Slice the peppers into strips and place them on the bottom of the inner pot.
2 bell peppers
In a small bowl, combine the chili powder, salt, pepper, paprika and cumin. Sprinkle over both sides of each chicken thigh.
1 1/2 teaspoons chili powder, salt and pepper, 1/2 teaspoon smoked paprika, 1/2 teaspoon cumin, 2 pounds chicken thighs
Place the seasoned chicken thighs on top of the peppers. Top with garlic.
3 cloves garlic
Pour the salsa verde over the chicken and squeeze the lime over the top.
1 cup salsa verde, juice of one lime
Gently pour the broth into the pot (try not to wash away any seasoning or salsa from the tops of the chicken thighs.)

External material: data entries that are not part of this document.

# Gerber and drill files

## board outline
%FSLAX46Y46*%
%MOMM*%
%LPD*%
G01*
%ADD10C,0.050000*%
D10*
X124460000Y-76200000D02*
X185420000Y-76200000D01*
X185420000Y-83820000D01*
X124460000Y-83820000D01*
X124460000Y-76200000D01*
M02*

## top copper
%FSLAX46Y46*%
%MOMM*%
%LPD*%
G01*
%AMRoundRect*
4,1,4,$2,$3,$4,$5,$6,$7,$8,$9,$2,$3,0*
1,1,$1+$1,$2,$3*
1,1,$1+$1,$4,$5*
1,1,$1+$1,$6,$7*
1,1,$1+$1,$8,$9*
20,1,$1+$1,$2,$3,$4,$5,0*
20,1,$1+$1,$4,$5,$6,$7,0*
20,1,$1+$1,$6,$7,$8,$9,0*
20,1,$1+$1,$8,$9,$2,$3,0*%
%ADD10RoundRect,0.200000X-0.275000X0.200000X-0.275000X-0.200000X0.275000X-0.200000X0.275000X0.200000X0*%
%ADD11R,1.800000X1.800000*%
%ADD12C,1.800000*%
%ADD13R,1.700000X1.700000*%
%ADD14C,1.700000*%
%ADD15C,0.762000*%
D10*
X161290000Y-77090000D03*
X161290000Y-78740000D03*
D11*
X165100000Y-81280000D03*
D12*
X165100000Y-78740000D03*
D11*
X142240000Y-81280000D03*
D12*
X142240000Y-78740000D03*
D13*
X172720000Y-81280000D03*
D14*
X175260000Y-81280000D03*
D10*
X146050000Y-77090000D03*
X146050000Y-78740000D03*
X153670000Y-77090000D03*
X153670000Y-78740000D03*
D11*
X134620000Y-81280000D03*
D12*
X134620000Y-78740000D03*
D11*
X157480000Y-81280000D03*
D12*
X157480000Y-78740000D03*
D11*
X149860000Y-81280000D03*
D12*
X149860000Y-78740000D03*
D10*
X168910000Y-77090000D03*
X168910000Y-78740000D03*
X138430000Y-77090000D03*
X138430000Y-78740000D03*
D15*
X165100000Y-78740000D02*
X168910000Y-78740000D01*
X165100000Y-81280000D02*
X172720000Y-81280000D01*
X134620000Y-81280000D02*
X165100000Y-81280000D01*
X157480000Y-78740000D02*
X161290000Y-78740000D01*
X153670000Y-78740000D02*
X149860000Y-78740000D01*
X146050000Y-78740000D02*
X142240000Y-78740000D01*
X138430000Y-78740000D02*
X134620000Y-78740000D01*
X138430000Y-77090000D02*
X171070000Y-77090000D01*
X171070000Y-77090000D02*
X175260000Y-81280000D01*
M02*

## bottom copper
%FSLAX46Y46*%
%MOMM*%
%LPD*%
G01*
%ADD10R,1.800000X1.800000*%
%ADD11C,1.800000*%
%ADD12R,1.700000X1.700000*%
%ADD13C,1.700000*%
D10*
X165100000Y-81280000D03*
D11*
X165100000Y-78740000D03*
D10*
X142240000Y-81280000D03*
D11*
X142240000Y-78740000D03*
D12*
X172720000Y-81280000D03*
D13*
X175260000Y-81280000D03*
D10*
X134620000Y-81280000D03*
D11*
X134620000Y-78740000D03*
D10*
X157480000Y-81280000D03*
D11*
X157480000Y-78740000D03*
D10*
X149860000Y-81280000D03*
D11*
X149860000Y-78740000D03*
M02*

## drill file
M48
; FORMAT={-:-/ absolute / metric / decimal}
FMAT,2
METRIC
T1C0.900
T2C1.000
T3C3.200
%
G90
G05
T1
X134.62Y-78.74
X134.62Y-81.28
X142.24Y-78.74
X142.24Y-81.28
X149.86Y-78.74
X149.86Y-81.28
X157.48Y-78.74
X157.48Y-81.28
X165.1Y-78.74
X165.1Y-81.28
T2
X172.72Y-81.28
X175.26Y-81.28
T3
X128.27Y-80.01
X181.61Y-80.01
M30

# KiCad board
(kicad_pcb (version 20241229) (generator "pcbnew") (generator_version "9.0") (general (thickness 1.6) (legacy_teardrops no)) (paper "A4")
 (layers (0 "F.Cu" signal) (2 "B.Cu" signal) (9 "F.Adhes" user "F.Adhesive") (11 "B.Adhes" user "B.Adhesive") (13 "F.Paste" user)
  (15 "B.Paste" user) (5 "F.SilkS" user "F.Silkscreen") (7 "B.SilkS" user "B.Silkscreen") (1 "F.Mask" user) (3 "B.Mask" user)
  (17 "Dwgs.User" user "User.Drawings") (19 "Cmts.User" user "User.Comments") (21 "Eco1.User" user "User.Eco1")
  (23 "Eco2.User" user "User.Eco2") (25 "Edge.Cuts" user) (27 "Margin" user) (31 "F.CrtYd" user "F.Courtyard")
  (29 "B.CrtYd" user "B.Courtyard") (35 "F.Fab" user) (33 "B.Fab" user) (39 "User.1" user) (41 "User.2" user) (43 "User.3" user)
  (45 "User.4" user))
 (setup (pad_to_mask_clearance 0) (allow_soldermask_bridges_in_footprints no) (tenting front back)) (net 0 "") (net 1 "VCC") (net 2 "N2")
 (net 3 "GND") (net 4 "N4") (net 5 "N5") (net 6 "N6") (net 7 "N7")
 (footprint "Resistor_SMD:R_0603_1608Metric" (layer "F.Cu") (at 161.29 77.915 -90)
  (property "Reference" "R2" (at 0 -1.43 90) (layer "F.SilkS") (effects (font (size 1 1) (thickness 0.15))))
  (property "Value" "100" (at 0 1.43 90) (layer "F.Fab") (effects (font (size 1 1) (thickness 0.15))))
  (pad "1" smd roundrect (at -0.825 0 270) (size 0.8 0.95) (layers "F.Cu" "F.Mask" "F.Paste") (roundrect_rratio 0.25) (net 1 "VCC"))
  (pad "2" smd roundrect (at 0.825 0 270) (size 0.8 0.95) (layers "F.Cu" "F.Mask" "F.Paste") (roundrect_rratio 0.25) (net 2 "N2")))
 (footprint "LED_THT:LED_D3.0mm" (layer "F.Cu") (at 165.1 81.28 90)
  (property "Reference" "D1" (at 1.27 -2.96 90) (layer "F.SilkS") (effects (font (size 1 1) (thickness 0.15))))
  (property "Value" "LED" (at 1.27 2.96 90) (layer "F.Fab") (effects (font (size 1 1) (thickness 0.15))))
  (pad "1" thru_hole rect (at 0 0 90) (size 1.8 1.8) (drill 0.9) (layers "*.Cu" "*.Mask") (remove_unused_layers no) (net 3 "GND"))
  (pad "2" thru_hole circle (at 2.54 0 90) (size 1.8 1.8) (drill 0.9) (layers "*.Cu" "*.Mask") (remove_unused_layers no) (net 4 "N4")))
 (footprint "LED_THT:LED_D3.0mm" (layer "F.Cu") (at 142.24 81.28 90)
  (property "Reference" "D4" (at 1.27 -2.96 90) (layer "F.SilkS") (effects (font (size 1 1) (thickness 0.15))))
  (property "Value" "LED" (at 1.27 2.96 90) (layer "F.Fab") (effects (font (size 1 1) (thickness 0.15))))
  (pad "1" thru_hole rect (at 0 0 90) (size 1.8 1.8) (drill 0.9) (layers "*.Cu" "*.Mask") (remove_unused_layers no) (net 3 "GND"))
  (pad "2" thru_hole circle (at 2.54 0 90) (size 1.8 1.8) (drill 0.9) (layers "*.Cu" "*.Mask") (remove_unused_layers no) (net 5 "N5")))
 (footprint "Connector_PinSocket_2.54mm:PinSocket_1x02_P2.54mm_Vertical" (layer "F.Cu") (at 172.72 81.28 90)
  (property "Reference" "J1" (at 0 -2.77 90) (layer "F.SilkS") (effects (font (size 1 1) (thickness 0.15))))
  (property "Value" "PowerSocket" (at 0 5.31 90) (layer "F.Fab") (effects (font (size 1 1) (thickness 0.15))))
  (pad "1" thru_hole rect (at 0 0 90) (size 1.7 1.7) (drill 1) (layers "*.Cu" "*.Mask") (remove_unused_layers no) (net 3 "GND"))
  (pad "2" thru_hole circle (at 0 2.54 90) (size 1.7 1.7) (drill 1) (layers "*.Cu" "*.Mask") (remove_unused_layers no) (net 1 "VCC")))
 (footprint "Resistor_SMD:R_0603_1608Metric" (layer "F.Cu") (at 146.05 77.915 -90)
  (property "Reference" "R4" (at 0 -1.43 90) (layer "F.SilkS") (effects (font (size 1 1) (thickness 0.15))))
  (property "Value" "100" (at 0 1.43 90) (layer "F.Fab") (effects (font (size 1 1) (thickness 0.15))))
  (pad "1" smd roundrect (at -0.825 0 270) (size 0.8 0.95) (layers "F.Cu" "F.Mask" "F.Paste") (roundrect_rratio 0.25) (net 1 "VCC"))
  (pad "2" smd roundrect (at 0.825 0 270) (size 0.8 0.95) (layers "F.Cu" "F.Mask" "F.Paste") (roundrect_rratio 0.25) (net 5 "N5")))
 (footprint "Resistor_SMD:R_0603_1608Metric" (layer "F.Cu") (at 153.67 77.915 -90)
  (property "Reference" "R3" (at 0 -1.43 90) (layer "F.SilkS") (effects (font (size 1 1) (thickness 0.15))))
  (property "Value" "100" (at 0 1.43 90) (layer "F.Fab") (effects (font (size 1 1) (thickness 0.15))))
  (pad "1" smd roundrect (at -0.825 0 270) (size 0.8 0.95) (layers "F.Cu" "F.Mask" "F.Paste") (roundrect_rratio 0.25) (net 1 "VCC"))
  (pad "2" smd roundrect (at 0.825 0 270) (size 0.8 0.95) (layers "F.Cu" "F.Mask" "F.Paste") (roundrect_rratio 0.25) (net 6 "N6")))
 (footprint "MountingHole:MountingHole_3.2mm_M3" (layer "F.Cu") (at 128.27 80.01)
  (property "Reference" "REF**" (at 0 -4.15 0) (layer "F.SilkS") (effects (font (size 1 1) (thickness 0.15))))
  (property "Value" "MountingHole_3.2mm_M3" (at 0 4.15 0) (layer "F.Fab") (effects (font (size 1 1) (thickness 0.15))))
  (pad "" np_thru_hole circle (at 0 0) (size 3.2 3.2) (drill 3.2) (layers "*.Cu" "*.Mask")))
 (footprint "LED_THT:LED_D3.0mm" (layer "F.Cu") (at 134.62 81.28 90)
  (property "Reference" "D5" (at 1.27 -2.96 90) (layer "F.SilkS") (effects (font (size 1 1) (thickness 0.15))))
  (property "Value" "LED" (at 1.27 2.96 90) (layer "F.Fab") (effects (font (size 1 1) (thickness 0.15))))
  (pad "1" thru_hole rect (at 0 0 90) (size 1.8 1.8) (drill 0.9) (layers "*.Cu" "*.Mask") (remove_unused_layers no) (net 3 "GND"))
  (pad "2" thru_hole circle (at 2.54 0 90) (size 1.8 1.8) (drill 0.9) (layers "*.Cu" "*.Mask") (remove_unused_layers no) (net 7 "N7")))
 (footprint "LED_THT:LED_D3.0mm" (layer "F.Cu") (at 157.48 81.28 90)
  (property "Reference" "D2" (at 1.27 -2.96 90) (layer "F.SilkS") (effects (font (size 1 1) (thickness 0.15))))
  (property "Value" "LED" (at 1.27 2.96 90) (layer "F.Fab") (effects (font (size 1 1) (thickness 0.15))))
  (pad "1" thru_hole rect (at 0 0 90) (size 1.8 1.8) (drill 0.9) (layers "*.Cu" "*.Mask") (remove_unused_layers no) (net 3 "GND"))
  (pad "2" thru_hole circle (at 2.54 0 90) (size 1.8 1.8) (drill 0.9) (layers "*.Cu" "*.Mask") (remove_unused_layers no) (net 2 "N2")))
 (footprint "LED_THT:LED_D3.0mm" (layer "F.Cu") (at 149.86 81.28 90)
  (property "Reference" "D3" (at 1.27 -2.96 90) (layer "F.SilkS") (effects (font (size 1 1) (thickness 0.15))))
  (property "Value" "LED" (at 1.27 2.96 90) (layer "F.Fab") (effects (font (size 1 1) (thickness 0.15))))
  (pad "1" thru_hole rect (at 0 0 90) (size 1.8 1.8) (drill 0.9) (layers "*.Cu" "*.Mask") (remove_unused_layers no) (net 3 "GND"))
  (pad "2" thru_hole circle (at 2.54 0 90) (size 1.8 1.8) (drill 0.9) (layers "*.Cu" "*.Mask") (remove_unused_layers no) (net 6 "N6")))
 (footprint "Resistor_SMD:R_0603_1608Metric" (layer "F.Cu") (at 168.91 77.915 -90)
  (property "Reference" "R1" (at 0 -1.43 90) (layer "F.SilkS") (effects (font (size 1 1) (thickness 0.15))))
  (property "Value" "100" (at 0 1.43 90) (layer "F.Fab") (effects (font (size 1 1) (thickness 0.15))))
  (pad "1" smd roundrect (at -0.825 0 270) (size 0.8 0.95) (layers "F.Cu" "F.Mask" "F.Paste") (roundrect_rratio 0.25) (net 1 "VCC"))
  (pad "2" smd roundrect (at 0.825 0 270) (size 0.8 0.95) (layers "F.Cu" "F.Mask" "F.Paste") (roundrect_rratio 0.25) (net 4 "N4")))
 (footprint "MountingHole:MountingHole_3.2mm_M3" (layer "F.Cu") (at 181.61 80.01)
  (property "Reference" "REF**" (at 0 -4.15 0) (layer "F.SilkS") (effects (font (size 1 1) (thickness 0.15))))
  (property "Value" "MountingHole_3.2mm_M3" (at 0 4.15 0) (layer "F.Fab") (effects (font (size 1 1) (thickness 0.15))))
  (pad "" np_thru_hole circle (at 0 0) (size 3.2 3.2) (drill 3.2) (layers "*.Cu" "*.Mask")))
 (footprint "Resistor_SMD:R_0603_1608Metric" (layer "F.Cu") (at 138.43 77.915 -90)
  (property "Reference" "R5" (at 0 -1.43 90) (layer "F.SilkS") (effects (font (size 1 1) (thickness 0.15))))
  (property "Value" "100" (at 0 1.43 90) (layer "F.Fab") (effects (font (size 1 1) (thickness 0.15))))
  (pad "1" smd roundrect (at -0.825 0 270) (size 0.8 0.95) (layers "F.Cu" "F.Mask" "F.Paste") (roundrect_rratio 0.25) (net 1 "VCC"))
  (pad "2" smd roundrect (at 0.825 0 270) (size 0.8 0.95) (layers "F.Cu" "F.Mask" "F.Paste") (roundrect_rratio 0.25) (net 7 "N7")))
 (gr_rect (start 124.46 76.2) (end 185.42 83.82) (stroke (width 0.05) (type default)) (fill no) (layer "Edge.Cuts"))
 (segment (start 165.1 78.74) (end 168.91 78.74) (width 0.762) (layer "F.Cu") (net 4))
 (segment (start 165.1 81.28) (end 172.72 81.28) (width 0.762) (layer "F.Cu") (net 3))
 (segment (start 134.62 81.28) (end 165.1 81.28) (width 0.762) (layer "F.Cu") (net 3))
 (segment (start 157.48 78.74) (end 161.29 78.74) (width 0.762) (layer "F.Cu") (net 2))
 (segment (start 153.67 78.74) (end 149.86 78.74) (width 0.762) (layer "F.Cu") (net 6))
 (segment (start 146.05 78.74) (end 142.24 78.74) (width 0.762) (layer "F.Cu") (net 5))
 (segment (start 138.43 78.74) (end 134.62 78.74) (width 0.762) (layer "F.Cu") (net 7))
 (segment (start 138.43 77.09) (end 171.07 77.09) (width 0.762) (layer "F.Cu") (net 1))
 (segment (start 171.07 77.09) (end 175.26 81.28) (width 0.762) (layer "F.Cu") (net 1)))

1/2 cup chicken broth or water
Close and lock the lid, and turn the steam release valve to closed. Press Poultry (high pressures) and leave it at 15 minutes.
When cooking cycle has ended, allow a 10 minute natural pressure release. Flip the steam release valve open to remove any remaining steam.
If desired, place the chicken on a sheet pan and broil for 2-3 minutes to brown and crisp up the skin a bit.
Garnish with cilantro and serve with rice or tortillas!
chopped cilantro
Notes
The broth that comes out of the pot after cooking is SO good. It’s packed with spicy flavor. Strain it and then save it for other meals or use it to make Mexican style rice!